ICN’s shares closed at $6.75 on Thursday.

Abundant Research

But when Burroughs-Wellcome received FDA permission to market the drug AZT to treat AIDS symptoms on March 20, 1987, the price of its British parent, Wellcome PLC, rose only the equivalent of 62 cents to $7.97 in London trading. AZT, or zidovudine, seems to help prolong the life of some AIDS patients, but it is not a cure.

AIDS is a fatal disease that attacks the body’s immune system. Since 1981, 86,157 cases of the disease have been reported, and 49,390 persons stricken with the disease have died. The Centers for Disease Control in Atlanta estimates that between 1 million and 1.5 million people have been exposed to the AIDS virus.

Besides Merck, two other drug companies, Abbott Laboratories and SmithKline Beckman, are conducting research into protease. Robert Janicki, director of research and development at Abbott Laboratories, said Merck’s discovery was “of significance,” but he added, “we’ll continue our work on the structure of protease to confirm Merck’s findings.”
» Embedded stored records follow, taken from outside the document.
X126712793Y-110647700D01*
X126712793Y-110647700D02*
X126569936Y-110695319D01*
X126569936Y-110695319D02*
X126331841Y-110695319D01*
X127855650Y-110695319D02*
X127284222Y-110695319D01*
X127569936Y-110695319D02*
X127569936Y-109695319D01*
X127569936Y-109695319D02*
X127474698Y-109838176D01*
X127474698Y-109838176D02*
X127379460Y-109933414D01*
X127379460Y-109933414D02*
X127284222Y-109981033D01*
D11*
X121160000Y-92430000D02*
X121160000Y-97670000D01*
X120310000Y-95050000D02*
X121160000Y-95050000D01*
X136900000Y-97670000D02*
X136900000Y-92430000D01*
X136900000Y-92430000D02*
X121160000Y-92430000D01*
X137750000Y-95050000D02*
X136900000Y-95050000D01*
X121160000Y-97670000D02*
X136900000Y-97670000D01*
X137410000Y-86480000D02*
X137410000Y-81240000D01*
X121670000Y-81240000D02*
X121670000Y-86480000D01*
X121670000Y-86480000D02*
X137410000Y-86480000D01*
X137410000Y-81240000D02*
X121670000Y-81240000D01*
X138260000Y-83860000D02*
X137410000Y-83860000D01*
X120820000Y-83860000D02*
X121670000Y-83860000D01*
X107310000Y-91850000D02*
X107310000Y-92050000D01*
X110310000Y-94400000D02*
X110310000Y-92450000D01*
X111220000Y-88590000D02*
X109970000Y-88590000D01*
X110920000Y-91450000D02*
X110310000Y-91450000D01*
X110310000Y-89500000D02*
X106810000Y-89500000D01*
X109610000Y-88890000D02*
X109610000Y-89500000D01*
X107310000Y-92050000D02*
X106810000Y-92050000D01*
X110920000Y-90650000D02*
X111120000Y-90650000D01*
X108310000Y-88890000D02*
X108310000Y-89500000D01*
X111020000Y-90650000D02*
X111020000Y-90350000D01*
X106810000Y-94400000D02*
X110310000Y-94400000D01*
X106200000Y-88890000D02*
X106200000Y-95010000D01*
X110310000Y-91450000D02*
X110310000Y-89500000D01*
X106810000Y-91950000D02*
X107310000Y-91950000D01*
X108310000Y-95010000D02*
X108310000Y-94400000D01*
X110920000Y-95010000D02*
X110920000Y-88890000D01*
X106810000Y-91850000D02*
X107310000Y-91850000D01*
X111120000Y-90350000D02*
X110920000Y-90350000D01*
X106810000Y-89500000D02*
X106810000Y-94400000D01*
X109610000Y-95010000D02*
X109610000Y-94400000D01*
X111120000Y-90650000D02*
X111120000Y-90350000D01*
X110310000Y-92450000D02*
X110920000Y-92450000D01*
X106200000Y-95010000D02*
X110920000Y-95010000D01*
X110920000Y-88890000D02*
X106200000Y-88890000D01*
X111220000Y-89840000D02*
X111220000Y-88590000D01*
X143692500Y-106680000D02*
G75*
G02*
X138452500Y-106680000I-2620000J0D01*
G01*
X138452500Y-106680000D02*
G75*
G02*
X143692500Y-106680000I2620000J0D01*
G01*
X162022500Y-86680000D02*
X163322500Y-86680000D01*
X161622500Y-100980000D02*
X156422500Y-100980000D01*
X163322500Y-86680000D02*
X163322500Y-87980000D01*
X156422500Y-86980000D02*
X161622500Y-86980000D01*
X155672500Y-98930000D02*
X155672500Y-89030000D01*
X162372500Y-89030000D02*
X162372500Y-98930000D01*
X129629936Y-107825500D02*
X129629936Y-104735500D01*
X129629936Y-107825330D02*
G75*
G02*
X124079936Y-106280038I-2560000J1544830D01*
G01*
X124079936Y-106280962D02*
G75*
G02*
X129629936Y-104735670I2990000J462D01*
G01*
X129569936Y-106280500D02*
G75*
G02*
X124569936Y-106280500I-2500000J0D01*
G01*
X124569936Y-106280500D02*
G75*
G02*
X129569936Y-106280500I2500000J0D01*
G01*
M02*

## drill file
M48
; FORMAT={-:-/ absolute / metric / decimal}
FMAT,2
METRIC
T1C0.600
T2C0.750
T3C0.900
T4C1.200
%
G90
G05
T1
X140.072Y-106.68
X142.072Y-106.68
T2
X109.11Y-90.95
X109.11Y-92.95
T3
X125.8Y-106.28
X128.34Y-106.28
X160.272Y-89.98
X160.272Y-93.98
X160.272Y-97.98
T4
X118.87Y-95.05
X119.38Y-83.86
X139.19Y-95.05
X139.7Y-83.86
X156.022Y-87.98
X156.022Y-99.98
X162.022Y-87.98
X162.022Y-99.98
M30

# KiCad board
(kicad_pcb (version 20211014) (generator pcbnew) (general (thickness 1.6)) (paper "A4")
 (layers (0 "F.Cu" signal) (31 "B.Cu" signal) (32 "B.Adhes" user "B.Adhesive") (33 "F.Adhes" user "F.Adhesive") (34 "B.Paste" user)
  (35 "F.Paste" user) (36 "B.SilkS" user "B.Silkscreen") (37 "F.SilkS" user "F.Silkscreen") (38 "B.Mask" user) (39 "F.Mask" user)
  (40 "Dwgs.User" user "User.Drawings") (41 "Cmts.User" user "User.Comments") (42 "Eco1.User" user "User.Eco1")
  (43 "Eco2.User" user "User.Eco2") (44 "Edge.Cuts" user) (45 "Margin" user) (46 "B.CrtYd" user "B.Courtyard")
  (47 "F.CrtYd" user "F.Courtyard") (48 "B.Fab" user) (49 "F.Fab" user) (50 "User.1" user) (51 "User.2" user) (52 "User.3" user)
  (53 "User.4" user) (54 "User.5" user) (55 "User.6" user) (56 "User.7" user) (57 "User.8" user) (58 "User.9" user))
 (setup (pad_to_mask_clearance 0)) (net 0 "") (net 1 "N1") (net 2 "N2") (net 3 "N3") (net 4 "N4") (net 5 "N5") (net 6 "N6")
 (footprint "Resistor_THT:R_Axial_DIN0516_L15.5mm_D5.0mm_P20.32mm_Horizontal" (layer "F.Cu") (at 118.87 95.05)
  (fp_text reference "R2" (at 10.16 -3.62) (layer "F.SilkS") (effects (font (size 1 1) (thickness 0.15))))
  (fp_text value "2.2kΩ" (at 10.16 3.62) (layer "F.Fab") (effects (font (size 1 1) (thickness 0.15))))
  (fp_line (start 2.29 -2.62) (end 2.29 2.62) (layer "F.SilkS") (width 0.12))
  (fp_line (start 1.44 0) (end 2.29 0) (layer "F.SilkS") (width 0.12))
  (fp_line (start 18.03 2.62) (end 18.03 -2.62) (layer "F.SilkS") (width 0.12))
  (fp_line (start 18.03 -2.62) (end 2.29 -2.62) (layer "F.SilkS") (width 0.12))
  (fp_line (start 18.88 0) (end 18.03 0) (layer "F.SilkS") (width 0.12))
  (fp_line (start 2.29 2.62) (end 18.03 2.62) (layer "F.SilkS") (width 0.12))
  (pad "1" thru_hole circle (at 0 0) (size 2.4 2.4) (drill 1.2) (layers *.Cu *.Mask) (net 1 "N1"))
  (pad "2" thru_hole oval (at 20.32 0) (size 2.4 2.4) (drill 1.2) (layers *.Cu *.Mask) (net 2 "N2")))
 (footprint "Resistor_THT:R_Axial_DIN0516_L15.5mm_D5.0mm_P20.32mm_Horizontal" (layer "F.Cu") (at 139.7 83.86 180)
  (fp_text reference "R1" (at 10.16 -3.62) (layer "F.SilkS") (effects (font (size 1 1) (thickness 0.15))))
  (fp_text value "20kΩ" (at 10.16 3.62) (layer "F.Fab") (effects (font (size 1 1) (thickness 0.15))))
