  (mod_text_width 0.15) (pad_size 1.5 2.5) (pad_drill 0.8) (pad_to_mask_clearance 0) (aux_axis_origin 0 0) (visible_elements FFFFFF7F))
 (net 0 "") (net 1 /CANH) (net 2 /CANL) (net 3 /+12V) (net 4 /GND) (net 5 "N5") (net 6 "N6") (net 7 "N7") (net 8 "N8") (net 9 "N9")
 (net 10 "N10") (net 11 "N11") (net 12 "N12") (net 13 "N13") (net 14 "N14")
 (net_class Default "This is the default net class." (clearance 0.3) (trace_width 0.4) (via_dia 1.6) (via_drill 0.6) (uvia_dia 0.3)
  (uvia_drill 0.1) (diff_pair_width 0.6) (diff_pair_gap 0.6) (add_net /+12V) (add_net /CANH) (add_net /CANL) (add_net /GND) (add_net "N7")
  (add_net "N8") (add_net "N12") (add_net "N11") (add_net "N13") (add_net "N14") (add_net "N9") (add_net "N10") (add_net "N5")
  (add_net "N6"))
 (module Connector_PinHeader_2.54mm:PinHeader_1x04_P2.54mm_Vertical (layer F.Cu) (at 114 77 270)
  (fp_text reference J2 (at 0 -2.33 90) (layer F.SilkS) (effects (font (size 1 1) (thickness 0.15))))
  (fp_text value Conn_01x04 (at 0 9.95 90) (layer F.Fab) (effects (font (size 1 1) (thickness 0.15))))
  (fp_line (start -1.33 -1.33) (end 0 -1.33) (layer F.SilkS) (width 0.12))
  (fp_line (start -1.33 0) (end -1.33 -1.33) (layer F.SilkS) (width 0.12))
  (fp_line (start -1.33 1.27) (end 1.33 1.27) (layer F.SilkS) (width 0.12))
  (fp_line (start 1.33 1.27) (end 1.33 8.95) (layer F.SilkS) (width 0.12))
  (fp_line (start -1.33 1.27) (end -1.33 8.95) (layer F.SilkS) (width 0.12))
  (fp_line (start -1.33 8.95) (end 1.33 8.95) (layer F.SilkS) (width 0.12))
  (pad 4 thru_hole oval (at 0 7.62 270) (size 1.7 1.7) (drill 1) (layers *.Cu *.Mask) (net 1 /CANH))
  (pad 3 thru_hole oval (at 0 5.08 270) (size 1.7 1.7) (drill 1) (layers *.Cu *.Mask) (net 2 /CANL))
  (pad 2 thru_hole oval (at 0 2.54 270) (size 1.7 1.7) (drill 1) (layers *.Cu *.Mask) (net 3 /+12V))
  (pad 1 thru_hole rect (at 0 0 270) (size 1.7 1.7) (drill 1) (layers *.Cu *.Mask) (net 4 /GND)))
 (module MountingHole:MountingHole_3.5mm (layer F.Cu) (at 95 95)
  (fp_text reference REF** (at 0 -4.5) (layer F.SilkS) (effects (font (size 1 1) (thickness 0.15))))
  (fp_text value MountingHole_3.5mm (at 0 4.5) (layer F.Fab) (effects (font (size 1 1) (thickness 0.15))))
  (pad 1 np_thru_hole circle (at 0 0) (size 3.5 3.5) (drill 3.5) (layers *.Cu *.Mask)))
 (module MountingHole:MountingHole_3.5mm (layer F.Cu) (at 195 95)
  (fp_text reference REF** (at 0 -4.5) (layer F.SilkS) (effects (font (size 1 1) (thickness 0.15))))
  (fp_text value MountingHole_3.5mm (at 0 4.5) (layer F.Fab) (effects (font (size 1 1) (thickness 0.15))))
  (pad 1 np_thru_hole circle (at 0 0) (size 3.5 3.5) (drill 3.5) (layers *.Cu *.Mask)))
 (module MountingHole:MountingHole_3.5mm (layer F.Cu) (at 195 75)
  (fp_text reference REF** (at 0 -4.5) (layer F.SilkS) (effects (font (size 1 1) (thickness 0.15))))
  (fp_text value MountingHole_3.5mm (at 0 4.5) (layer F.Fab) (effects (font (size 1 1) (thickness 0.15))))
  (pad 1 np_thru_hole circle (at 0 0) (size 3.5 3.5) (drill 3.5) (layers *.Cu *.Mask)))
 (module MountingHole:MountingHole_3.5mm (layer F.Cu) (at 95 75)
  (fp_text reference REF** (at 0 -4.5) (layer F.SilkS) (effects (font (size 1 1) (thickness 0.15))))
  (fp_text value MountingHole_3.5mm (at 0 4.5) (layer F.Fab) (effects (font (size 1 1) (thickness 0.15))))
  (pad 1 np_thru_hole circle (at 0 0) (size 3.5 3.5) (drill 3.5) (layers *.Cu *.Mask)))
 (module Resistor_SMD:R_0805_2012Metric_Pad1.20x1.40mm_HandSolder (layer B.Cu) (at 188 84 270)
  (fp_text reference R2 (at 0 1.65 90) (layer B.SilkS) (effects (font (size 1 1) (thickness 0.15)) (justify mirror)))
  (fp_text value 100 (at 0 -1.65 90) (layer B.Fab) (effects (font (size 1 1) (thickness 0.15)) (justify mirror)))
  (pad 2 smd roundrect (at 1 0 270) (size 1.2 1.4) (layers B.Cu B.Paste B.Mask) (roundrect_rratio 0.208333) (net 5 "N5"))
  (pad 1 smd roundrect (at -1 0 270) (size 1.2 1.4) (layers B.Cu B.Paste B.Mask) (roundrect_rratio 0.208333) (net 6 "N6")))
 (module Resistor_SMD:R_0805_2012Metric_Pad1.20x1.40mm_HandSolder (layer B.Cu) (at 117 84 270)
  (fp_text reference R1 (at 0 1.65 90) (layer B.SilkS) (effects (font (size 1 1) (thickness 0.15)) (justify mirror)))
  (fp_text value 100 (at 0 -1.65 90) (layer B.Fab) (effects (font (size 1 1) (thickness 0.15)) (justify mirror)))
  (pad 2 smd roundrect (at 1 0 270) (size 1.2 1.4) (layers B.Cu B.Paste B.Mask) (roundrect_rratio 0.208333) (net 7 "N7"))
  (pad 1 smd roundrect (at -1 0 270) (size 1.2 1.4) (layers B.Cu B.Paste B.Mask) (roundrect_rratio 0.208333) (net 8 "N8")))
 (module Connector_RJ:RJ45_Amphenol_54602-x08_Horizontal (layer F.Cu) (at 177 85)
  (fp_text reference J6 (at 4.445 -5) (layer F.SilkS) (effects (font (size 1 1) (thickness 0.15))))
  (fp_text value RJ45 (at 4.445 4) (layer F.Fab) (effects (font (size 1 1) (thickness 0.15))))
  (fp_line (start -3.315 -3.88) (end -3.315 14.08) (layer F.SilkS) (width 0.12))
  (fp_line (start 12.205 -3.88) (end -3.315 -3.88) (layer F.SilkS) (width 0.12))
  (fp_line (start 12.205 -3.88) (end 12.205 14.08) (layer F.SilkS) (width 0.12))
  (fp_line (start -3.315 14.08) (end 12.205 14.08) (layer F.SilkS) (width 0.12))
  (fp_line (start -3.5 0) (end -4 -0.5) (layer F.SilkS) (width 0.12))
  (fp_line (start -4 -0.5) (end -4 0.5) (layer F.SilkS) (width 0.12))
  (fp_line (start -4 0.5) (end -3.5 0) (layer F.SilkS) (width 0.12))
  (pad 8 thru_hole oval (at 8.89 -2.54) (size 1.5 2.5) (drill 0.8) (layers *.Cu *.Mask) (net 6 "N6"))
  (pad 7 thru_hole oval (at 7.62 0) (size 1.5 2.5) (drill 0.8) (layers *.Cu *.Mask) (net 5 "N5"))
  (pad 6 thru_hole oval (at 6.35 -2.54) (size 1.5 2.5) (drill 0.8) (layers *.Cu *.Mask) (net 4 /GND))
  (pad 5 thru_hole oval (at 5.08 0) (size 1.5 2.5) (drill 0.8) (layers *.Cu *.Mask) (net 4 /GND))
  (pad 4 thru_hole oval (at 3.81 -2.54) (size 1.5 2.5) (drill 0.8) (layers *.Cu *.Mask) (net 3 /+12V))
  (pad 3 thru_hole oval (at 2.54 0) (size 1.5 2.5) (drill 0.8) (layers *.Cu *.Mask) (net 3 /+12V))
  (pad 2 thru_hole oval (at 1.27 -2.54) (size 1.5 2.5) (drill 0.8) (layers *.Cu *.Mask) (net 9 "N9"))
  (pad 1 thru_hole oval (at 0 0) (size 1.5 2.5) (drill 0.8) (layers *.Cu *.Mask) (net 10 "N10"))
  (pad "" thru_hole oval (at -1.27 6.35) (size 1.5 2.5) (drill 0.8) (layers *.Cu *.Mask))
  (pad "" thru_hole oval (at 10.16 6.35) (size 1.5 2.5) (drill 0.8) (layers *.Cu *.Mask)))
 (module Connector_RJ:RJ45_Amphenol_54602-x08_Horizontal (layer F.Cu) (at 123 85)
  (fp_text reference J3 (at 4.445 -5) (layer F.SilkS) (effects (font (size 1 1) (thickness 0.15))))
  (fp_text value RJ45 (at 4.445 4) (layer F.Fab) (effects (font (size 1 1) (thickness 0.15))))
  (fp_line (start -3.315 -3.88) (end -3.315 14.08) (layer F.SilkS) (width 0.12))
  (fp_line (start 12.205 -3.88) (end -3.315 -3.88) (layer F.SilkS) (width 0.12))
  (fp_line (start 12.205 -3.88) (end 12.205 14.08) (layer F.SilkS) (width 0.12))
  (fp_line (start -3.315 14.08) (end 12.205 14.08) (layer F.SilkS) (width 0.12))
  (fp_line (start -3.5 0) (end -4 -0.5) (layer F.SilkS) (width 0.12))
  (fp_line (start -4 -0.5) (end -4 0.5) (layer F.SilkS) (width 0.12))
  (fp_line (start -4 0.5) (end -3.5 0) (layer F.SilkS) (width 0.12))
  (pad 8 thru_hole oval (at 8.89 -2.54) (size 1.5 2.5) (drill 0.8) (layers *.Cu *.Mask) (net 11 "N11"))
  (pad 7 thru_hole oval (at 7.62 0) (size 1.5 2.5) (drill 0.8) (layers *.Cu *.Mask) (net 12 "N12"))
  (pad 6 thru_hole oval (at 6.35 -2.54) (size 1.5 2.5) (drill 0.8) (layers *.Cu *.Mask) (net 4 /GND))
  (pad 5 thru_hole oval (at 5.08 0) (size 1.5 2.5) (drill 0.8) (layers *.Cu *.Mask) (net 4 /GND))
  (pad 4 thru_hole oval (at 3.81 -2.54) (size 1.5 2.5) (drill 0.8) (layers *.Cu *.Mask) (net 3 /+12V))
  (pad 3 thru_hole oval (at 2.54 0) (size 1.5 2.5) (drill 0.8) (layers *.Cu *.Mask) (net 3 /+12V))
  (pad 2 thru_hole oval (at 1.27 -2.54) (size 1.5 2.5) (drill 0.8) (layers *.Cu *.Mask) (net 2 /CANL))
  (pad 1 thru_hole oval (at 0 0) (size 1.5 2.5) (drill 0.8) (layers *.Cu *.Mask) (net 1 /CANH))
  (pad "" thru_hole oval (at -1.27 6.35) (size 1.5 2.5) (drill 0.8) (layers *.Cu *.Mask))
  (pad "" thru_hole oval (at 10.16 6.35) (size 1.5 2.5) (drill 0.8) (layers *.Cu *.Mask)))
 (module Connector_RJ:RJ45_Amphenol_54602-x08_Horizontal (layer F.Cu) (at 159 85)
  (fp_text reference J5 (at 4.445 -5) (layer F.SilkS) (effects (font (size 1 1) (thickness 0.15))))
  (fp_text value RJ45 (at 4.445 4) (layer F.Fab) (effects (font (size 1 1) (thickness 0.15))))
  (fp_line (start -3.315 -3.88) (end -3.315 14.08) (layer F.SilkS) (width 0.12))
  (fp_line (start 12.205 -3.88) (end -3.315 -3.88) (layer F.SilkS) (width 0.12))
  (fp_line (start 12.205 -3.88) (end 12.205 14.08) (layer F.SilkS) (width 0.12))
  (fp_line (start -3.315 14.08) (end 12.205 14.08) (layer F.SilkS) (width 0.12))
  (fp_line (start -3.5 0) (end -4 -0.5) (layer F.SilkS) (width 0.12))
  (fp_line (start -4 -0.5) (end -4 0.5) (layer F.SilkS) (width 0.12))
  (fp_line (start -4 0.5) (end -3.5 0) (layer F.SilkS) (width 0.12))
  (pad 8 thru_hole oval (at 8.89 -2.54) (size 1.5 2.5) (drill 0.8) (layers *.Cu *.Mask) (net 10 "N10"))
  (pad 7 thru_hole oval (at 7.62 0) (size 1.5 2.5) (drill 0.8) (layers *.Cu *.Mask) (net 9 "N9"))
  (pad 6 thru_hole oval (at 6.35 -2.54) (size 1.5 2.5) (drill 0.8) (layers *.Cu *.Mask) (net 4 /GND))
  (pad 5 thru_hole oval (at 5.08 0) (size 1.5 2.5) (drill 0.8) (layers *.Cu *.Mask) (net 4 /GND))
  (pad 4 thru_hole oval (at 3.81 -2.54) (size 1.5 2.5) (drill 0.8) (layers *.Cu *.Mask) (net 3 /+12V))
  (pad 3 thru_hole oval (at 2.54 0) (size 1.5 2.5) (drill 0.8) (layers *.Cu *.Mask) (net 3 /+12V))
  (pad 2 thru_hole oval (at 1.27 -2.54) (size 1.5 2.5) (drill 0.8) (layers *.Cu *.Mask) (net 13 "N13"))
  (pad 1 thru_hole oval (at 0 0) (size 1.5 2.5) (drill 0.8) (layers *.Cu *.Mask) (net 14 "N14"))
SmithKline, based in Philadelphia, has studied protease since 1986 and developed the first test that could be used to find potential blockers. But the company is also looking at another possible AIDS treatment.

SmithKline is testing a synthetic protein that acts as a decoy, attracting the AIDS virus away from the body’s cells. It started testing that protein, called T-4, at Walter Reed Army Medical Center in Washington earlier this month.